=== The task ===
Filter the records below down to lines containing "reference".

▼

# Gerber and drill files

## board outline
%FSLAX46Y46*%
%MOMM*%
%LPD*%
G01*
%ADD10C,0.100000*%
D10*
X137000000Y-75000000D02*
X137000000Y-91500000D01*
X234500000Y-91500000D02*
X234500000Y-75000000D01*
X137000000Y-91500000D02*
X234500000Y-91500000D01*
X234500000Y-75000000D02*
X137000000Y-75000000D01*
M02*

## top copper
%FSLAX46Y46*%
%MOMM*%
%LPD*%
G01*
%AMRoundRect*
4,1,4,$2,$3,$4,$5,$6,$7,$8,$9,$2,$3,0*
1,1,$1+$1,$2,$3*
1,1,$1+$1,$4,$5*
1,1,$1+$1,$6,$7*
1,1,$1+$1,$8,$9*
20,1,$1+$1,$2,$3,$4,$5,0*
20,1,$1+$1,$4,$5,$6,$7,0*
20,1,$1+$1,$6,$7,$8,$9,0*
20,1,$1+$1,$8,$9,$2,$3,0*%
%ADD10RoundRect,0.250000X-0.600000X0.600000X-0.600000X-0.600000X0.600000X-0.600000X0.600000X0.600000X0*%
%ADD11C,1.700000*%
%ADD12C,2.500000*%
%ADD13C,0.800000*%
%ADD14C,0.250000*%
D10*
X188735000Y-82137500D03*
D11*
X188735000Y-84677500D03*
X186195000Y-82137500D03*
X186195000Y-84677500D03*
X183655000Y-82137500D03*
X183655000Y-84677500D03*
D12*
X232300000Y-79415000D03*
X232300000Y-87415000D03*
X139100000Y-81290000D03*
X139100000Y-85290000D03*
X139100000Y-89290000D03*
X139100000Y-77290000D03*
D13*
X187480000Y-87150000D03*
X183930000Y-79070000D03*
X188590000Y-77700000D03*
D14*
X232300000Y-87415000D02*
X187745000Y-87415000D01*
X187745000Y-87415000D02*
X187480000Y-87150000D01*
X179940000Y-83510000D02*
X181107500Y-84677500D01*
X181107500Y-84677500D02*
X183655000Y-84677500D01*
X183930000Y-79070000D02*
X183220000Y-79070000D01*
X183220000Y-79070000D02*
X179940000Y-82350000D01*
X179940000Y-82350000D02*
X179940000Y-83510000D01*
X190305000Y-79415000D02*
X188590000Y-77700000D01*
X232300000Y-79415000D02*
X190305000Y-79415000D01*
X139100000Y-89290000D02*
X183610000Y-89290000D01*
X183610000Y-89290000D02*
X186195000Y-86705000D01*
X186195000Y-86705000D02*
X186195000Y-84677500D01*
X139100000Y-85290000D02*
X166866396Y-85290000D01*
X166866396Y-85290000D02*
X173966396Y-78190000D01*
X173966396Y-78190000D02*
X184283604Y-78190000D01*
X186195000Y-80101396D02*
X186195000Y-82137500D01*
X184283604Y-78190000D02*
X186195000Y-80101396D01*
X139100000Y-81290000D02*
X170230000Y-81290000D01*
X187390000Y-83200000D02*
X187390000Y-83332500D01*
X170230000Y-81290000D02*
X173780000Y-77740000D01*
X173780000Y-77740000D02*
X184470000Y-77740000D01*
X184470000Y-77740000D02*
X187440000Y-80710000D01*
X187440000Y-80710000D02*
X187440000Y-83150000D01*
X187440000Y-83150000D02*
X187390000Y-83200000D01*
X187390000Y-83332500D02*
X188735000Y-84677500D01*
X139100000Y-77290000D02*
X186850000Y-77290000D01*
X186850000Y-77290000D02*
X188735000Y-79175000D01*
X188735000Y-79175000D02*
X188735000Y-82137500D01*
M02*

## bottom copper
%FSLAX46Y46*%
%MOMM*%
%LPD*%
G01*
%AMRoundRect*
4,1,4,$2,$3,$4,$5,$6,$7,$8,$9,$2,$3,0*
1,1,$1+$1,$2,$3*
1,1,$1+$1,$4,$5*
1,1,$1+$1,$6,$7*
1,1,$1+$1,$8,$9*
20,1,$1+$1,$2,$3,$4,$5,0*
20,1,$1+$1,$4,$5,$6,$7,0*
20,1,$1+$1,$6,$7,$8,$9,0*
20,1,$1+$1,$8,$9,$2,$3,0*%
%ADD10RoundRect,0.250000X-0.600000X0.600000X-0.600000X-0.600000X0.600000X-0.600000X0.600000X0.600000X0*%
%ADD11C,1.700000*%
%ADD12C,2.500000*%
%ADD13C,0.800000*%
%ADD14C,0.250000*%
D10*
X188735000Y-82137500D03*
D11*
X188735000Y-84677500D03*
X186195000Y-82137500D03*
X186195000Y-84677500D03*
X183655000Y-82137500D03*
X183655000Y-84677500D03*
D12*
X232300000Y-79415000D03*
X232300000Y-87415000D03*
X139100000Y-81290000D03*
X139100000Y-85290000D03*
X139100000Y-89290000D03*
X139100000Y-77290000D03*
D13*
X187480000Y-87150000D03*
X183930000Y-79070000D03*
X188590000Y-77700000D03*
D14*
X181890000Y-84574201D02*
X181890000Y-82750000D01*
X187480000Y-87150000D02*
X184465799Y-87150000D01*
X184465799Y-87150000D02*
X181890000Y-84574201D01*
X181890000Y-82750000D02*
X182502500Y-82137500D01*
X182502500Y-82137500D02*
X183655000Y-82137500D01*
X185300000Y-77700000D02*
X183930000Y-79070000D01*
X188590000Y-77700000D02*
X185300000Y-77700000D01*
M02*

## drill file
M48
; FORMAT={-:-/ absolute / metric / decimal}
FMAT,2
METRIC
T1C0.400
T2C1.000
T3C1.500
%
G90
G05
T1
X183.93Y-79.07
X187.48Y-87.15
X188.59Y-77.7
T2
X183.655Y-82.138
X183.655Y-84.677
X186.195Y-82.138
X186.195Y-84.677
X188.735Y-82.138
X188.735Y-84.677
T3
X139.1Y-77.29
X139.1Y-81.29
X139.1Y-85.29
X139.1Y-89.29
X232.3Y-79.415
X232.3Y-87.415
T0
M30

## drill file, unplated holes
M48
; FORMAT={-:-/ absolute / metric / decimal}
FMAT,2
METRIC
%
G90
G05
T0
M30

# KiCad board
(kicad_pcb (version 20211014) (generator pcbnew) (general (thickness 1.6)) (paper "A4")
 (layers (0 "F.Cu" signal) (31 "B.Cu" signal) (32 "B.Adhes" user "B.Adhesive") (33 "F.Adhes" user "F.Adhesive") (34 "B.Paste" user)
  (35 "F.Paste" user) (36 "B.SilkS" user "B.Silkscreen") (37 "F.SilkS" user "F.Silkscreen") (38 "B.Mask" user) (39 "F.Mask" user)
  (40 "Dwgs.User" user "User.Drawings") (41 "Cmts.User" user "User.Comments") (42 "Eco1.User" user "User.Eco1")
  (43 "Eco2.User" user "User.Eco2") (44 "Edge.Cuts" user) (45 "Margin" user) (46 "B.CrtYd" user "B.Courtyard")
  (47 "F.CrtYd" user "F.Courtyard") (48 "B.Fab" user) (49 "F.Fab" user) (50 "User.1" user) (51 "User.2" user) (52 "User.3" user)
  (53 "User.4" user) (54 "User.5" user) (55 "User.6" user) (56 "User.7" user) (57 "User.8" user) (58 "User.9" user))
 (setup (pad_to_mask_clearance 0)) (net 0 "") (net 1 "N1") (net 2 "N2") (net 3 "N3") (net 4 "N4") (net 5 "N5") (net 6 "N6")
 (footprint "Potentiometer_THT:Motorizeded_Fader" (layer "F.Cu") (at 232.3 83.415)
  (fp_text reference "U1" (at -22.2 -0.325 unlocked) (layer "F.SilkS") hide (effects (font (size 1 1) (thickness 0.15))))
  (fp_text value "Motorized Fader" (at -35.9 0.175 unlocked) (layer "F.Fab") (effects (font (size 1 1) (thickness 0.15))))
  (pad "1" thru_hole circle (at -93.2 -6.125 180) (size 2.5 2.5) (drill 1.5) (layers *.Cu *.Mask) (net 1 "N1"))
  (pad "2" thru_hole circle (at -93.2 5.875 180) (size 2.5 2.5) (drill 1.5) (layers *.Cu *.Mask) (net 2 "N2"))
  (pad "3" thru_hole circle (at -93.2 1.875 180) (size 2.5 2.5) (drill 1.5) (layers *.Cu *.Mask) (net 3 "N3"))
  (pad "4" thru_hole circle (at -93.2 -2.125 180) (size 2.5 2.5) (drill 1.5) (layers *.Cu *.Mask) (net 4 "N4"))
  (pad "5" thru_hole circle (at 0 4) (size 2.5 2.5) (drill 1.5) (layers *.Cu *.Mask) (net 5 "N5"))
  (pad "6" thru_hole circle (at 0 -4) (size 2.5 2.5) (drill 1.5) (layers *.Cu *.Mask) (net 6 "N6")))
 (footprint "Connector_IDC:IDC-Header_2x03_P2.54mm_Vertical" (layer "F.Cu") (at 188.735 82.1375 -90)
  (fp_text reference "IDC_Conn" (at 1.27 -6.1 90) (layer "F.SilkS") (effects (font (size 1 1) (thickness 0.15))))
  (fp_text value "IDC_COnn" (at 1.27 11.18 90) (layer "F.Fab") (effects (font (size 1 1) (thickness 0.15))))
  (pad "1" thru_hole roundrect (at 0 0 270) (size 1.7 1.7) (drill 1) (layers *.Cu *.Mask) (roundrect_rratio 0.1470588235) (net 1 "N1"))
  (pad "2" thru_hole circle (at 2.54 0 270) (size 1.7 1.7) (drill 1) (layers *.Cu *.Mask) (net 4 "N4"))
  (pad "3" thru_hole circle (at 0 2.54 270) (size 1.7 1.7) (drill 1) (layers *.Cu *.Mask) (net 3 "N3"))
  (pad "4" thru_hole circle (at 2.54 2.54 270) (size 1.7 1.7) (drill 1) (layers *.Cu *.Mask) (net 2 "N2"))
  (pad "5" thru_hole circle (at 0 5.08 270) (size 1.7 1.7) (drill 1) (layers *.Cu *.Mask) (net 5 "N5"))
  (pad "6" thru_hole circle (at 2.54 5.08 270) (size 1.7 1.7) (drill 1) (layers *.Cu *.Mask) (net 6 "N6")))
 (gr_line (start 137 75) (end 137 91.5) (layer "Edge.Cuts") (width 0.1))
 (gr_line (start 234.5 91.5) (end 234.5 75) (layer "Edge.Cuts") (width 0.1))
 (gr_line (start 137 91.5) (end 234.5 91.5) (layer "Edge.Cuts") (width 0.1))
 (gr_line (start 234.5 75) (end 137 75) (layer "Edge.Cuts") (width 0.1))
 (segment (start 188.735 79.175) (end 188.735 82.1375) (width 0.25) (layer "F.Cu") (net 1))
 (segment (start 186.85 77.29) (end 188.735 79.175) (width 0.25) (layer "F.Cu") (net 1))
 (segment (start 139.1 77.29) (end 186.85 77.29) (width 0.25) (layer "F.Cu") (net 1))
 (segment (start 187.39 83.3325) (end 188.735 84.6775) (width 0.25) (layer "F.Cu") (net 4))
 (segment (start 187.44 83.15) (end 187.39 83.2) (width 0.25) (layer "F.Cu") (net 4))
 (segment (start 187.44 80.71) (end 187.44 83.15) (width 0.25) (layer "F.Cu") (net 4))
 (segment (start 170.23 81.29) (end 173.78 77.74) (width 0.25) (layer "F.Cu") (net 4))
 (segment (start 184.47 77.74) (end 187.44 80.71) (width 0.25) (layer "F.Cu") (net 4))
 (segment (start 187.39 83.2) (end 187.39 83.3325) (width 0.25) (layer "F.Cu") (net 4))
 (segment (start 139.1 81.29) (end 170.23 81.29) (width 0.25) (layer "F.Cu") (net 4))
 (segment (start 173.78 77.74) (end 184.47 77.74) (width 0.25) (layer "F.Cu") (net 4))
 (segment (start 173.966396 78.19) (end 184.283604 78.19) (width 0.25) (layer "F.Cu") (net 3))
 (segment (start 184.283604 78.19) (end 186.195 80.101396) (width 0.25) (layer "F.Cu") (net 3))
 (segment (start 139.1 85.29) (end 166.866396 85.29) (width 0.25) (layer "F.Cu") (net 3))
 (segment (start 186.195 80.101396) (end 186.195 82.1375) (width 0.25) (layer "F.Cu") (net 3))
 (segment (start 166.866396 85.29) (end 173.966396 78.19) (width 0.25) (layer "F.Cu") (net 3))
 (segment (start 183.61 89.29) (end 186.195 86.705) (width 0.25) (layer "F.Cu") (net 2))
 (segment (start 139.1 89.29) (end 183.61 89.29) (width 0.25) (layer "F.Cu") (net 2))
 (segment (start 186.195 86.705) (end 186.195 84.6775) (width 0.25) (layer "F.Cu") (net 2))
 (segment (start 187.745 87.415) (end 187.48 87.15) (width 0.25) (layer "F.Cu") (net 5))
 (segment (start 232.3 87.415) (end 187.745 87.415) (width 0.25) (layer "F.Cu") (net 5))
 (via (at 187.48 87.15) (size 0.8) (drill 0.4) (layers "F.Cu" "B.Cu") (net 5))
 (segment (start 182.5025 82.1375) (end 183.655 82.1375) (width 0.25) (layer "B.Cu") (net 5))
 (segment (start 184.465799 87.15) (end 181.89 84.574201) (width 0.25) (layer "B.Cu") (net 5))
 (segment (start 187.48 87.15) (end 184.465799 87.15) (width 0.25) (layer "B.Cu") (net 5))
 (segment (start 181.89 84.574201) (end 181.89 82.75) (width 0.25) (layer "B.Cu") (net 5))
 (segment (start 181.89 82.75) (end 182.5025 82.1375) (width 0.25) (layer "B.Cu") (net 5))
 (segment (start 183.93 79.07) (end 183.22 79.07) (width 0.25) (layer "F.Cu") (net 6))
 (segment (start 232.3 79.415) (end 190.305 79.415) (width 0.25) (layer "F.Cu") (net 6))
 (segment (start 183.22 79.07) (end 179.94 82.35) (width 0.25) (layer "F.Cu") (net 6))
 (segment (start 190.305 79.415) (end 188.59 77.7) (width 0.25) (layer "F.Cu") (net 6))
 (segment (start 179.94 82.35) (end 179.94 83.51) (width 0.25) (layer "F.Cu") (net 6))
 (segment (start 181.1075 84.6775) (end 183.655 84.6775) (width 0.25) (layer "F.Cu") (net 6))
 (segment (start 179.94 83.51) (end 181.1075 84.6775) (width 0.25) (layer "F.Cu") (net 6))
 (via (at 183.93 79.07) (size 0.8) (drill 0.4) (layers "F.Cu" "B.Cu") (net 6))
 (via (at 188.59 77.7) (size 0.8) (drill 0.4) (layers "F.Cu" "B.Cu") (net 6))
 (segment (start 185.3 77.7) (end 183.93 79.07) (width 0.25) (layer "B.Cu") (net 6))
 (segment (start 188.59 77.7) (end 185.3 77.7) (width 0.25) (layer "B.Cu") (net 6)))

▲

=== Solution to this exercise ===
  (fp_text reference "U1" (at -22.2 -0.325 unlocked) (layer "F.SilkS") hide (effects (font (size 1 1) (thickness 0.15))))
  (fp_text reference "IDC_Conn" (at 1.27 -6.1 90) (layer "F.SilkS") (effects (font (size 1 1) (thickness 0.15))))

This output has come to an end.